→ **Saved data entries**
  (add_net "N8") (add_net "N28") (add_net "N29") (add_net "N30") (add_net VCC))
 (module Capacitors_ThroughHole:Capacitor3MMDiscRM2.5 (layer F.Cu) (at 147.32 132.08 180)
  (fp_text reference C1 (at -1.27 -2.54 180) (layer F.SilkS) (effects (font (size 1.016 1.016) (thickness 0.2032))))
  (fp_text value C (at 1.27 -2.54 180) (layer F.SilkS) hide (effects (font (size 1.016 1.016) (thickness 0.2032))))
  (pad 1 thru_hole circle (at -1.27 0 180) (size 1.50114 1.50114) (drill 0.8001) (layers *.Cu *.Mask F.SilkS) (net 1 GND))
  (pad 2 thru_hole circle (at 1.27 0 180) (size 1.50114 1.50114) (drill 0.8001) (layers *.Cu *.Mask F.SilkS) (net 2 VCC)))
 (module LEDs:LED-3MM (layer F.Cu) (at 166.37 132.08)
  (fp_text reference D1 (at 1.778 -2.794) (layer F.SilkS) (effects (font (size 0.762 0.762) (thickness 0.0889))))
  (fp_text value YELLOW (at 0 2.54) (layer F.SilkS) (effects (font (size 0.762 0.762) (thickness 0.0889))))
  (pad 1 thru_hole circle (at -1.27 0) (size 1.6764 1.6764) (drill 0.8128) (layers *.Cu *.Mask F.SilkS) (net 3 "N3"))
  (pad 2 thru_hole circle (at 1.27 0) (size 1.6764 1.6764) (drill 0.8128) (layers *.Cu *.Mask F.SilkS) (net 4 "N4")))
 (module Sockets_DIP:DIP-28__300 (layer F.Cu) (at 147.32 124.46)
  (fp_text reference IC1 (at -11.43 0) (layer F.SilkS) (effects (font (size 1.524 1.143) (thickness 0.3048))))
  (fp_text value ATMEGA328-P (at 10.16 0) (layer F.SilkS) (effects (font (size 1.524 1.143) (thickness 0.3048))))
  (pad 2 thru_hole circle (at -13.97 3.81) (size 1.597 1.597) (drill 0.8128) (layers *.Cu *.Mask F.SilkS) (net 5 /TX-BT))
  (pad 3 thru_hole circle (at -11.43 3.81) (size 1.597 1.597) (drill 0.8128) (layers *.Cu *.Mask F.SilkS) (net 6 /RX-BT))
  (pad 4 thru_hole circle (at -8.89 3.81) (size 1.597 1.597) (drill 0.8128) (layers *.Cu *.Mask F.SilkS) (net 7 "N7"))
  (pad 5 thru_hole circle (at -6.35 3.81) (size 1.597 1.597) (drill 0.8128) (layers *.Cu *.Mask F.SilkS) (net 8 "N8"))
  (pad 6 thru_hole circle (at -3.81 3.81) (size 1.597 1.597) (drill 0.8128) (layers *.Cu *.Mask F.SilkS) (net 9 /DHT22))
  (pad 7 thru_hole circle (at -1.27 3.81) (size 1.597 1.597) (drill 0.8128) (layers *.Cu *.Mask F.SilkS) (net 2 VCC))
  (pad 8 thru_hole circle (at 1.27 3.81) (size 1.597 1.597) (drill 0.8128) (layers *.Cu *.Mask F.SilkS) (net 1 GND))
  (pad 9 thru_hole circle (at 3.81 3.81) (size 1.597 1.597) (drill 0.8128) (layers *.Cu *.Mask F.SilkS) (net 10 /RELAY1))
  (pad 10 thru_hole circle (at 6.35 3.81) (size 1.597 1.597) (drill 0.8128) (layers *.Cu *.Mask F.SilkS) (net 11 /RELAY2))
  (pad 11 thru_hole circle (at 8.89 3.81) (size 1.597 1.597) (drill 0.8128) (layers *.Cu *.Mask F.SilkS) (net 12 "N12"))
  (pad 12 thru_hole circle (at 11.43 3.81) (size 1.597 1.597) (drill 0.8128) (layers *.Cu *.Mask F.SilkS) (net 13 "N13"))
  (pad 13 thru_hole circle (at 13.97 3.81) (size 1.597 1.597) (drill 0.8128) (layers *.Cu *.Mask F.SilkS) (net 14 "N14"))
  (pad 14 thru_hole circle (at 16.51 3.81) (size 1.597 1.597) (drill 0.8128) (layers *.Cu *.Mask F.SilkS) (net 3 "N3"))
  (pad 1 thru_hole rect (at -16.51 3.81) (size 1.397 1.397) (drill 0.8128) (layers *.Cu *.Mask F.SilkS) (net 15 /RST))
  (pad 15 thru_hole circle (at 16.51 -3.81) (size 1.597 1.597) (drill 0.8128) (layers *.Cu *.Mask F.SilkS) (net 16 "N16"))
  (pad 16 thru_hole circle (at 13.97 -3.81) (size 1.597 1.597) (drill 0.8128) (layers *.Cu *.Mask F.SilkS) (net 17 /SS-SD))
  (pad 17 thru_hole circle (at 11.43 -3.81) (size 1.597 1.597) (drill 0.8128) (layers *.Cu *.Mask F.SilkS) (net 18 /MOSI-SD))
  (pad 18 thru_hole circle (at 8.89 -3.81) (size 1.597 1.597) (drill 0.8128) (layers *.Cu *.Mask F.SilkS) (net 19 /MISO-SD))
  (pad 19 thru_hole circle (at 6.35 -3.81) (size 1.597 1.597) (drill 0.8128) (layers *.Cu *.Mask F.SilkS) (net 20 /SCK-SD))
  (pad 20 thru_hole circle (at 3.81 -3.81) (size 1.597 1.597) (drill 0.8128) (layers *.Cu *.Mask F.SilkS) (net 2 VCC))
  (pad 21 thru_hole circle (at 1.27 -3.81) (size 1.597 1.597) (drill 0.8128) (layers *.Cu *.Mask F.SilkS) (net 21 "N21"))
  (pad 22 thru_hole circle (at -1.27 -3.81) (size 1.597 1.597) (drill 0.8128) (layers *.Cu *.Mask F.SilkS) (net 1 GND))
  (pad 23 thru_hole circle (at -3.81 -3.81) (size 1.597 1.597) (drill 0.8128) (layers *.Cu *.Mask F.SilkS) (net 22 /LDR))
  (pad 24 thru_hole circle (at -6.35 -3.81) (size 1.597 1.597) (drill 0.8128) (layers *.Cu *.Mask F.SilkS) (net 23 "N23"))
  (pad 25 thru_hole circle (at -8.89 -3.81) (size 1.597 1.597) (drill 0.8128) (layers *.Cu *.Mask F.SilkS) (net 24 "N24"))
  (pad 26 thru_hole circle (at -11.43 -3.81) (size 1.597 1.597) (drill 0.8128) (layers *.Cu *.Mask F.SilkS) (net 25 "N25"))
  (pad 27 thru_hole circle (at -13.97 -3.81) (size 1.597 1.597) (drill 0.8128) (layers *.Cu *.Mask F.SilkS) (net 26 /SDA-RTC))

→ **PROBLEM STATEMENT**
Give again exactly, and only, the lines above starting at the one with "(pad 9 thru_hole" and ending at the one with "(pad 13 thru_hole".

→ **EXERCISE RESULT**
  (pad 9 thru_hole circle (at 3.81 3.81) (size 1.597 1.597) (drill 0.8128) (layers *.Cu *.Mask F.SilkS) (net 10 /RELAY1))
  (pad 10 thru_hole circle (at 6.35 3.81) (size 1.597 1.597) (drill 0.8128) (layers *.Cu *.Mask F.SilkS) (net 11 /RELAY2))
  (pad 11 thru_hole circle (at 8.89 3.81) (size 1.597 1.597) (drill 0.8128) (layers *.Cu *.Mask F.SilkS) (net 12 "N12"))
  (pad 12 thru_hole circle (at 11.43 3.81) (size 1.597 1.597) (drill 0.8128) (layers *.Cu *.Mask F.SilkS) (net 13 "N13"))
  (pad 13 thru_hole circle (at 13.97 3.81) (size 1.597 1.597) (drill 0.8128) (layers *.Cu *.Mask F.SilkS) (net 14 "N14"))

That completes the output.